You also can find non-genetically modified organism (GMO) labels, verified by the Non-GMO Project, on some foods.

But if we’re looking for genetically engineered (GE) ingredients identified on the label, we’ll have to wait. The food industry has a history of resisting transparency through mandatory labels. Label changes often are forged only after years of consumer pressure, industry arguments and legislation.

label battles infographic

Oversight origins

Imagine a time when a jar of tomatoes might not have contained any tomatoes. After the Civil War, the U.S. Department of Agriculture (USDA) was new, and cans, cardboard boxes and graphic labels recently had been invented.

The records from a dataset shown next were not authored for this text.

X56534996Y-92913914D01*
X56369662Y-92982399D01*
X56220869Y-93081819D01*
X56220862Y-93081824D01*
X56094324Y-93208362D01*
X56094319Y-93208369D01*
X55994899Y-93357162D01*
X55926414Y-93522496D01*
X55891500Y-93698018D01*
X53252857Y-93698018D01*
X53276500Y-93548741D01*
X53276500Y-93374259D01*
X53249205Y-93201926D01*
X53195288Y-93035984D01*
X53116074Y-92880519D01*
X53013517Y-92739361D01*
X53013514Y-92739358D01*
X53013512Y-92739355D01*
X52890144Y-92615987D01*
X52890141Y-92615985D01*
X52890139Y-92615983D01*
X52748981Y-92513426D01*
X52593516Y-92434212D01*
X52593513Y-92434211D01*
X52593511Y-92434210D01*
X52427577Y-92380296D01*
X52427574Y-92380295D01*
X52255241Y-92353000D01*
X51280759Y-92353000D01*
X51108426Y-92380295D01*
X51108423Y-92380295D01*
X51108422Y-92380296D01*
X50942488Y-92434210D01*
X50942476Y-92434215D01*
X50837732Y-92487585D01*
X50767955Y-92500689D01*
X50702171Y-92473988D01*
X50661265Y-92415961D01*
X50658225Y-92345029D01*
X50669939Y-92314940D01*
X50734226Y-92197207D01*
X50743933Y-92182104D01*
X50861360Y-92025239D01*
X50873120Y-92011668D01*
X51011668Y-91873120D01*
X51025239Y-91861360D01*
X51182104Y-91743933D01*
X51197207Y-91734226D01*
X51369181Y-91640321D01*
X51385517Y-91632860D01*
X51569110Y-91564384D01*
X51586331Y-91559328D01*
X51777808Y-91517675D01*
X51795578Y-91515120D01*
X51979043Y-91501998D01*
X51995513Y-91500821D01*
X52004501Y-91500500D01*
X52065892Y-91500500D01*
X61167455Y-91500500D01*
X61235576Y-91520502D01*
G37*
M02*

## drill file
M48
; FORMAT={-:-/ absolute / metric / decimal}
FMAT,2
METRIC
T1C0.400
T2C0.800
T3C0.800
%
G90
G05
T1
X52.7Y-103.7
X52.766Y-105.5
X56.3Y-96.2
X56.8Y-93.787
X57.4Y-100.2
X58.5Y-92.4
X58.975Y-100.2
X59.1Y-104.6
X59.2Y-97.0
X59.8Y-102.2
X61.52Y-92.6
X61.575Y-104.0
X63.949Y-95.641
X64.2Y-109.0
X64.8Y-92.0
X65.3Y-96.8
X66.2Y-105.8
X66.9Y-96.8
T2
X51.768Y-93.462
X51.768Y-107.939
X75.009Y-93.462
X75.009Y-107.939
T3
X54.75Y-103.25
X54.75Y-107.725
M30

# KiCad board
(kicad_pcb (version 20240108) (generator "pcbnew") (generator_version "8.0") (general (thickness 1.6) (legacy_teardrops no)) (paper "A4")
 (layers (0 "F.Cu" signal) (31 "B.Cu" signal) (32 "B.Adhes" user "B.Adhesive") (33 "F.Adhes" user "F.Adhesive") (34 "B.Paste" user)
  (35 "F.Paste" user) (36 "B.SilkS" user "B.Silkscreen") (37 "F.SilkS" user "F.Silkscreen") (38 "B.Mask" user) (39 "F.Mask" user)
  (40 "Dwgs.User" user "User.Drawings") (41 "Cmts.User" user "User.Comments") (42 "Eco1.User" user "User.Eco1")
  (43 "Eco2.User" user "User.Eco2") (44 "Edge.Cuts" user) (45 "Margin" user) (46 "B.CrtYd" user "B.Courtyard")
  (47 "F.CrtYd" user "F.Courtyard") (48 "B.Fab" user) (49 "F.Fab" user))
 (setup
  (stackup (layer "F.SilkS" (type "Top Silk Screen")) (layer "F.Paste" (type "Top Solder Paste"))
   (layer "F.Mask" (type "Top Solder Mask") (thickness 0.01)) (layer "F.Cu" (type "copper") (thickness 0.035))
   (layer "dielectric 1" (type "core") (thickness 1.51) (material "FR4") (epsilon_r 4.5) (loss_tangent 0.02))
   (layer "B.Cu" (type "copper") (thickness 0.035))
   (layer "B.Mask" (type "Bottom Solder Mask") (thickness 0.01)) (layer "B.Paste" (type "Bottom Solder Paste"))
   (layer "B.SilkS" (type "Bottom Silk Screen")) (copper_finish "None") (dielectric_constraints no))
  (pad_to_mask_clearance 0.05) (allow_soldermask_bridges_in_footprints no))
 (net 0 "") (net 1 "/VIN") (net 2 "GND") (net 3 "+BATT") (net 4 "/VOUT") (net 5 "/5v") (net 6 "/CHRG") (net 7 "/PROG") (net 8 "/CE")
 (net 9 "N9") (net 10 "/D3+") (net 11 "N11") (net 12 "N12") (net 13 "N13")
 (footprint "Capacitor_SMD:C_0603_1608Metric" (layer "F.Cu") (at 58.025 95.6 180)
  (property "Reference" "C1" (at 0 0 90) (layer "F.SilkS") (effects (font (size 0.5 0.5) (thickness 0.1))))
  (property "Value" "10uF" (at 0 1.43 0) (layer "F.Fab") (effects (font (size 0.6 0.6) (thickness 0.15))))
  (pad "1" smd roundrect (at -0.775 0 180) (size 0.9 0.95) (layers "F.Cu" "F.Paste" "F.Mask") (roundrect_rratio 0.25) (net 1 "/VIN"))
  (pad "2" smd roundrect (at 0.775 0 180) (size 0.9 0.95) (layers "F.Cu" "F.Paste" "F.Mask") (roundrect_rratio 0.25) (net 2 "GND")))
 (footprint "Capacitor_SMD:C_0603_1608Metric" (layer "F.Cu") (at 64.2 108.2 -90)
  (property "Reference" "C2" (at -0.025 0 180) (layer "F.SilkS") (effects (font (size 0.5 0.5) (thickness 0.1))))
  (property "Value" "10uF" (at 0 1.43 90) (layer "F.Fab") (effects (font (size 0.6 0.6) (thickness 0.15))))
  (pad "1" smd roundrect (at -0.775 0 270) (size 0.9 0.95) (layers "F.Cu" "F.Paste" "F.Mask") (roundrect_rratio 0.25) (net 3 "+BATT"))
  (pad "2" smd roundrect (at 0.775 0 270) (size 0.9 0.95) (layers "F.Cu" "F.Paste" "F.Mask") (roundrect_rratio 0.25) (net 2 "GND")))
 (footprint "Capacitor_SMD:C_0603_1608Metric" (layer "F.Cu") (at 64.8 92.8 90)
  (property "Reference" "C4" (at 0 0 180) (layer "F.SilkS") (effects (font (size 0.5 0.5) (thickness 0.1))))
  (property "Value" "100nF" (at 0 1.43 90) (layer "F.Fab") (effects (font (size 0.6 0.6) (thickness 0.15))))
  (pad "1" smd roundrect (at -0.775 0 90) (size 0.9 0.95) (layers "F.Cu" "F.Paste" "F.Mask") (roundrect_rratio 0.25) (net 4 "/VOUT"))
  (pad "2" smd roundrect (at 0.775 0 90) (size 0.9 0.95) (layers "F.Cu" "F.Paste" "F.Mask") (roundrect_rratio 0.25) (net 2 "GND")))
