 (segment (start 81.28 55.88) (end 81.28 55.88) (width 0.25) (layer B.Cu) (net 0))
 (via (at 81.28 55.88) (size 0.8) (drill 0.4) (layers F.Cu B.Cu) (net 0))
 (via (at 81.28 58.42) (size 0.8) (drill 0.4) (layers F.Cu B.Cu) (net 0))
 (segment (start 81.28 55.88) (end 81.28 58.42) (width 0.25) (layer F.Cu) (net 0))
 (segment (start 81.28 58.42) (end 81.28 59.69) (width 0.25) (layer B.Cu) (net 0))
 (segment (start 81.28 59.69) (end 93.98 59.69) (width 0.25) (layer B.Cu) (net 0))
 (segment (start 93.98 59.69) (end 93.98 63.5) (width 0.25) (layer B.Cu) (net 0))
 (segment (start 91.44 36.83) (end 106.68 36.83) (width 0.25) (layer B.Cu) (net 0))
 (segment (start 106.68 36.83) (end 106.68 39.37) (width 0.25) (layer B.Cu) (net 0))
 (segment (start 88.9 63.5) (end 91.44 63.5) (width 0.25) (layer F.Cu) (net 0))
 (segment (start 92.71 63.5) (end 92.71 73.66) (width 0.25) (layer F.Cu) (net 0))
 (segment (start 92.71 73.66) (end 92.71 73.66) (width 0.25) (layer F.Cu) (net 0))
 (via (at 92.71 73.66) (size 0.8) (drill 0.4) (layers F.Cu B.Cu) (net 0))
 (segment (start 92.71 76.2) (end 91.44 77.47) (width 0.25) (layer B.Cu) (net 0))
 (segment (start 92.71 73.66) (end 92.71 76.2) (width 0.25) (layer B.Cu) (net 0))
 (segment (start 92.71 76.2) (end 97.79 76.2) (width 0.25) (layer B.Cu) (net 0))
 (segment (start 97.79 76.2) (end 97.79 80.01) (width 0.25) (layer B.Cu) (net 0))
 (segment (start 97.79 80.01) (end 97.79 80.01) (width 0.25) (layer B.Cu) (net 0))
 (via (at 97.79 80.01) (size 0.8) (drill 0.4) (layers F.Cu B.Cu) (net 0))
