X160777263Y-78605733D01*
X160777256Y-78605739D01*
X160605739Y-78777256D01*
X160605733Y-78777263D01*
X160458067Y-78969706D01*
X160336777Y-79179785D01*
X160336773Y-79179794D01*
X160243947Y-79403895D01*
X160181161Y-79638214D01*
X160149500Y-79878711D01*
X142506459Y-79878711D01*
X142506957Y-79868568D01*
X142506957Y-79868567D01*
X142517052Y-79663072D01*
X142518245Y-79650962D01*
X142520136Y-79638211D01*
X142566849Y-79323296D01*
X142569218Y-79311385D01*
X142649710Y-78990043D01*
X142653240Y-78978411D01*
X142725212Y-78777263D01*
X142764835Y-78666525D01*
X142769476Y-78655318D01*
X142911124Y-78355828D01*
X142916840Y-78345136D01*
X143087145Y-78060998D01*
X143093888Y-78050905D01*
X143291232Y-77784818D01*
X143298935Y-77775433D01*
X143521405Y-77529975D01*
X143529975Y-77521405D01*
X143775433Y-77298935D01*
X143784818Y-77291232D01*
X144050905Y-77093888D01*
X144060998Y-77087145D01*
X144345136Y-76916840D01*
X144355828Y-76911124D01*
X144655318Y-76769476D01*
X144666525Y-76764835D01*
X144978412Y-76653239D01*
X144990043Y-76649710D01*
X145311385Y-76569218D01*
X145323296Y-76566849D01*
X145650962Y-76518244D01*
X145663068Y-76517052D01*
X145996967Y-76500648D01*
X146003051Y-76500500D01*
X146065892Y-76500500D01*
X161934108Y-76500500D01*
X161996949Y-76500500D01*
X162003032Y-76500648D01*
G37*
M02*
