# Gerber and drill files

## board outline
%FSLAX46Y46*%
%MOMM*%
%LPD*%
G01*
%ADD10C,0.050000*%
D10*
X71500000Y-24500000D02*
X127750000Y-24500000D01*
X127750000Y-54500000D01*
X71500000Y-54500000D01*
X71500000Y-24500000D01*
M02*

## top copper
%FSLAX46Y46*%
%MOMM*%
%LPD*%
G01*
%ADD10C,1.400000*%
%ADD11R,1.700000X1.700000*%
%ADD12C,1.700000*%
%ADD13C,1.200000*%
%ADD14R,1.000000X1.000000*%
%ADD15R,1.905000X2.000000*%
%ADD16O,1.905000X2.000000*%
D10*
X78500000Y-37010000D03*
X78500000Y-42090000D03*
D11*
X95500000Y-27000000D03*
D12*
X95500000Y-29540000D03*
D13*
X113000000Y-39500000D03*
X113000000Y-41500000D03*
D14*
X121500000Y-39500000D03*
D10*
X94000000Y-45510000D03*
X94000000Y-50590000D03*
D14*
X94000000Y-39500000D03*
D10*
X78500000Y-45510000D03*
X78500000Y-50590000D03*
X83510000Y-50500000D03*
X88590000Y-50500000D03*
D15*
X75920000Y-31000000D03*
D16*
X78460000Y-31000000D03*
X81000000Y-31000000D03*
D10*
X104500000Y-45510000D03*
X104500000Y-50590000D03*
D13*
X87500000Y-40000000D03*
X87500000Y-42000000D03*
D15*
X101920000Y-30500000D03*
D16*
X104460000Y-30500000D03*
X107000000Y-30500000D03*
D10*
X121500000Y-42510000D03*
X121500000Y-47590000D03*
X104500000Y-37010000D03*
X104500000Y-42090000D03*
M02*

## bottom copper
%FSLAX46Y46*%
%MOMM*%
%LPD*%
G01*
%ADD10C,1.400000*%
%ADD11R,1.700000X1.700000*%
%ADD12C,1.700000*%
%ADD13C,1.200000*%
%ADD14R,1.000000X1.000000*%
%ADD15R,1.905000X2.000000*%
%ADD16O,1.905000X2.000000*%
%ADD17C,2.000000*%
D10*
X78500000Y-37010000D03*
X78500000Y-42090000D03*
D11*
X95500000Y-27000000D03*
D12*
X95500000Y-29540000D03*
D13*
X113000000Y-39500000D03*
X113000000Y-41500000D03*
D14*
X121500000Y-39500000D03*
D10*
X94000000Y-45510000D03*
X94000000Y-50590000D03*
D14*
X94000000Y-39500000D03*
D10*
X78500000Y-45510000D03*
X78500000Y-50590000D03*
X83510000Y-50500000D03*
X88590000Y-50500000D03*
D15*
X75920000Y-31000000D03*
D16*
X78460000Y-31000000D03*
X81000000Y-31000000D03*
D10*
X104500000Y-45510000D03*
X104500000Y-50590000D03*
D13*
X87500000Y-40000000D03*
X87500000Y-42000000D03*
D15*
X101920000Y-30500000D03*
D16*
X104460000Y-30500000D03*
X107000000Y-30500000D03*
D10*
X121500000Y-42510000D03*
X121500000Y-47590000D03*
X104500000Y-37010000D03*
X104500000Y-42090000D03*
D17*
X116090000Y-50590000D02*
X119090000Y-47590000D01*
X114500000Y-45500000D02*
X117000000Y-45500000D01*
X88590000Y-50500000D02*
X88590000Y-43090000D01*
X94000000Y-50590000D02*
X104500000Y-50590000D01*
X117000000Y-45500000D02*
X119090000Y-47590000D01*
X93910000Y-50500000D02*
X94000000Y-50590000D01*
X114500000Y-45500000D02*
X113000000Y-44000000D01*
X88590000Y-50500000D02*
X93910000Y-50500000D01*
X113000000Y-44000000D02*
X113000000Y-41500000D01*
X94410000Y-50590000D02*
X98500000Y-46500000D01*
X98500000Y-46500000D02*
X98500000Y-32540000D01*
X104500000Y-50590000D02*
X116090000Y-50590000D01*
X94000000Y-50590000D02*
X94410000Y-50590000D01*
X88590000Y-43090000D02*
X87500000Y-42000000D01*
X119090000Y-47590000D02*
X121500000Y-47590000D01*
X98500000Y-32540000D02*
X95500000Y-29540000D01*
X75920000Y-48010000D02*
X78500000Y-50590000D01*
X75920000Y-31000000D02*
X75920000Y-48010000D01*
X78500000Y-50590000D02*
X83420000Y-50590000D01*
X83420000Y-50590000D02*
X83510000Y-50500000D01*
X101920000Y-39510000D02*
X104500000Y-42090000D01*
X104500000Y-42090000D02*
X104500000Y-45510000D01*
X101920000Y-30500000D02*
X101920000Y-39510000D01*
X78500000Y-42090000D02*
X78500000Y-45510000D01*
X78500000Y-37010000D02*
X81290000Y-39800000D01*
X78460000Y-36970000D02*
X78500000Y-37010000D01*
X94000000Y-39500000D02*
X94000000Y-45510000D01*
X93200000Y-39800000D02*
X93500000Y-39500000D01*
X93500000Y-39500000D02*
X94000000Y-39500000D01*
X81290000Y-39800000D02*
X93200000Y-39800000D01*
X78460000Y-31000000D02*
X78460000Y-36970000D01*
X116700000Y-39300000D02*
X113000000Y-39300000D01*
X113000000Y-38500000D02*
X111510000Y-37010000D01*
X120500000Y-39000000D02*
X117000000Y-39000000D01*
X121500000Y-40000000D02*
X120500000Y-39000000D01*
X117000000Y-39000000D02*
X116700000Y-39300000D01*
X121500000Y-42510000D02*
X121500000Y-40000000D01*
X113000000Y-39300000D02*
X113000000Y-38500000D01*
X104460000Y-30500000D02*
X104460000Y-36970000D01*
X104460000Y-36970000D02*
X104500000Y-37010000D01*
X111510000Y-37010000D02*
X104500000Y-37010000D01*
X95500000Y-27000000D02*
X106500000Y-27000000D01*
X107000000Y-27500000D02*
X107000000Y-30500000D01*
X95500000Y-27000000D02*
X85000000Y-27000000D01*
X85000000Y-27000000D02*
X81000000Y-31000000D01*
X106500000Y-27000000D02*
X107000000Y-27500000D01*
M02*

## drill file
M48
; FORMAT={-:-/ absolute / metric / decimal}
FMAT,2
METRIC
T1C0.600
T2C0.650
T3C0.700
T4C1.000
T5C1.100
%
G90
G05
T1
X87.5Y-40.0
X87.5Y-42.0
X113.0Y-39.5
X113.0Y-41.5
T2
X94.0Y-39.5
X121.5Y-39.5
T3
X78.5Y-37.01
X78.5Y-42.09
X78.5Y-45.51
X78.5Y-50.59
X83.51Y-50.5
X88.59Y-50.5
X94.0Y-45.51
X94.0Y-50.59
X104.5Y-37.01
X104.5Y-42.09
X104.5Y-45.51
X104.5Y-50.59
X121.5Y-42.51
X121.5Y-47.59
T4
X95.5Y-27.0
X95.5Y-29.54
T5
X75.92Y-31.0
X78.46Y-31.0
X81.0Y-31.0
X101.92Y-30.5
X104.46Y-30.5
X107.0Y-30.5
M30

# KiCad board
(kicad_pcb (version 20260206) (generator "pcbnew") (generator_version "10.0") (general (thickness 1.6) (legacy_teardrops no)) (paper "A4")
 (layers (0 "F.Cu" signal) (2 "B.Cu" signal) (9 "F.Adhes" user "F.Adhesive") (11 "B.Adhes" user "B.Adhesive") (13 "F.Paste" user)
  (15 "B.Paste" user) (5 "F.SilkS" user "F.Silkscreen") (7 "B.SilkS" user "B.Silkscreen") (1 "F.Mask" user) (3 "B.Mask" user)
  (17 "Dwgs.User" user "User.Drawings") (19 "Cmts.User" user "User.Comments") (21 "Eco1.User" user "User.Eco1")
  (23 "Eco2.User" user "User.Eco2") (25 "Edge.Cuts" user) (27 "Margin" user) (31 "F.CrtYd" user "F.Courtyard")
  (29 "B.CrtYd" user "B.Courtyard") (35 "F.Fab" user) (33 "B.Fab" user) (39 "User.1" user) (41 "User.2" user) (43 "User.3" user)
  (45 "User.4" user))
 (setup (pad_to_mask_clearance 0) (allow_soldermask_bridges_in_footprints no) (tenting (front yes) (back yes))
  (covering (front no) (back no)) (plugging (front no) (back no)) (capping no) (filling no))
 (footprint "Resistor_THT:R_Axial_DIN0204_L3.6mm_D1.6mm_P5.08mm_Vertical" (layer "F.Cu") (at 78.5 37.01 -90)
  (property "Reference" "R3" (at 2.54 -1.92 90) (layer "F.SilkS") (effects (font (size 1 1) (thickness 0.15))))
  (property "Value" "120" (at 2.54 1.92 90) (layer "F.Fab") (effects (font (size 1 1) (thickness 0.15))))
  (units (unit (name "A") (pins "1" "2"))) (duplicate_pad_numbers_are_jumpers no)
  (pad "1" thru_hole circle (at 0 0 270) (size 1.4 1.4) (drill 0.7) (layers "*.Cu" "*.Mask") (remove_unused_layers no)
   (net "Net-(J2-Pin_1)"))
  (pad "2" thru_hole circle (at 5.08 0 270) (size 1.4 1.4) (drill 0.7) (layers "*.Cu" "*.Mask") (remove_unused_layers no)
   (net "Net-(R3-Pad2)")))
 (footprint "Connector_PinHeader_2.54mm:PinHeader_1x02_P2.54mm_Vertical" (layer "F.Cu") (at 95.5 27)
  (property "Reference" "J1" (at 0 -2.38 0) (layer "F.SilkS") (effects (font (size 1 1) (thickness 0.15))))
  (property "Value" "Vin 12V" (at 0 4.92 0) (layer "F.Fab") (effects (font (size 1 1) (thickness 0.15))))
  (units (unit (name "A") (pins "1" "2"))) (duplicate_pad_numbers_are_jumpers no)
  (pad "1" thru_hole rect (at 0 0) (size 1.7 1.7) (drill 1) (layers "*.Cu" "*.Mask") (remove_unused_layers no) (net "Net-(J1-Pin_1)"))
  (pad "2" thru_hole circle (at 0 2.54) (size 1.7 1.7) (drill 1) (layers "*.Cu" "*.Mask") (remove_unused_layers no) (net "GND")))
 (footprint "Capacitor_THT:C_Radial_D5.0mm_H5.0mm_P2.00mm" (layer "F.Cu") (at 113 39.5 -90)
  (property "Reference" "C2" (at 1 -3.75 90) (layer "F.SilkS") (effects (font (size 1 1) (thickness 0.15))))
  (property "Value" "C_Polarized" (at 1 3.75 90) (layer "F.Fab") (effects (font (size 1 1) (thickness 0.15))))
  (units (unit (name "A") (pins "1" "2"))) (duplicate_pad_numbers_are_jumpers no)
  (pad "1" thru_hole circle (at 0 0 270) (size 1.2 1.2) (drill 0.6) (layers "*.Cu" "*.Mask") (remove_unused_layers no)
   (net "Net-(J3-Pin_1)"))
  (pad "2" thru_hole circle (at 2 0 270) (size 1.2 1.2) (drill 0.6) (layers "*.Cu" "*.Mask") (remove_unused_layers no) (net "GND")))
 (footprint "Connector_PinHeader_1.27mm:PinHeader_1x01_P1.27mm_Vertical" (layer "F.Cu") (at 121.5 39.5)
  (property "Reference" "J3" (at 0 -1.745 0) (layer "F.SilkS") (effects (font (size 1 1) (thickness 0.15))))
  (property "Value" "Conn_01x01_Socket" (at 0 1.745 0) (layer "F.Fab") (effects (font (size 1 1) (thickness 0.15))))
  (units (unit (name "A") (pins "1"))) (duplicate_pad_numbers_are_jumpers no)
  (pad "1" thru_hole rect (at 0 0) (size 1 1) (drill 0.65) (layers "*.Cu" "*.Mask") (remove_unused_layers no) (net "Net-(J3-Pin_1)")))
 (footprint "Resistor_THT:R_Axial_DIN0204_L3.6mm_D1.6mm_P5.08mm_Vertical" (layer "F.Cu") (at 94 45.51 -90)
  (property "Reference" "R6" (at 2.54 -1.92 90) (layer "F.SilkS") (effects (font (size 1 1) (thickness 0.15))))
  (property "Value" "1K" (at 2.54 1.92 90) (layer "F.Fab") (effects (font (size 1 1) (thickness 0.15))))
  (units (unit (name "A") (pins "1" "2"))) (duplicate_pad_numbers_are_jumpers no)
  (pad "1" thru_hole circle (at 0 0 270) (size 1.4 1.4) (drill 0.7) (layers "*.Cu" "*.Mask") (remove_unused_layers no)
   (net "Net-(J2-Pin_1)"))
  (pad "2" thru_hole circle (at 5.08 0 270) (size 1.4 1.4) (drill 0.7) (layers "*.Cu" "*.Mask") (remove_unused_layers no) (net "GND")))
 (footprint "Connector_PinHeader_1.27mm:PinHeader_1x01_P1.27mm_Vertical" (layer "F.Cu") (at 94 39.5)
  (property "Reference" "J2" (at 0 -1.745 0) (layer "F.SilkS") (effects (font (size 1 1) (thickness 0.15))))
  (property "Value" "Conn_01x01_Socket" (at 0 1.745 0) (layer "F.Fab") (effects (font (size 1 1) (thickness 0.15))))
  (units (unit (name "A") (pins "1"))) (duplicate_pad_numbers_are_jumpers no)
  (pad "1" thru_hole rect (at 0 0) (size 1 1) (drill 0.65) (layers "*.Cu" "*.Mask") (remove_unused_layers no) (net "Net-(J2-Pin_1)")))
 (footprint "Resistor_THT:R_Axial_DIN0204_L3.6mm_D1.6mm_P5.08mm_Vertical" (layer "F.Cu") (at 78.5 45.51 -90)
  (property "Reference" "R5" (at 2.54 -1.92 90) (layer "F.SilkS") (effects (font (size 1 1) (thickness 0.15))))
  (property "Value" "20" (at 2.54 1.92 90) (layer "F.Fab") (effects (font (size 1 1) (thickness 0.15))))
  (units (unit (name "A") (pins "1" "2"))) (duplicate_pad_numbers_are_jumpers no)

Chemical preservatives and toxic colors were unregulated. Lead added color to cheese. Cottonseed oil passed for olive oil. Chalk adulterated flour, and Plaster of Paris might have lurked in mashed potatoes. People couldn’t be sure if coffee and tea were real.

Under the newly created USDA, scientists in the Division of Chemistry, forerunner of the Food and Drug Administration (FDA), investigated food safety. Chief chemist Harvey Wiley tested foods and investigated additives for purity and safety. Wiley lectured at women’s clubs and business organizations across the country. He spoke out against adulterated foods and advocated changes in food laws.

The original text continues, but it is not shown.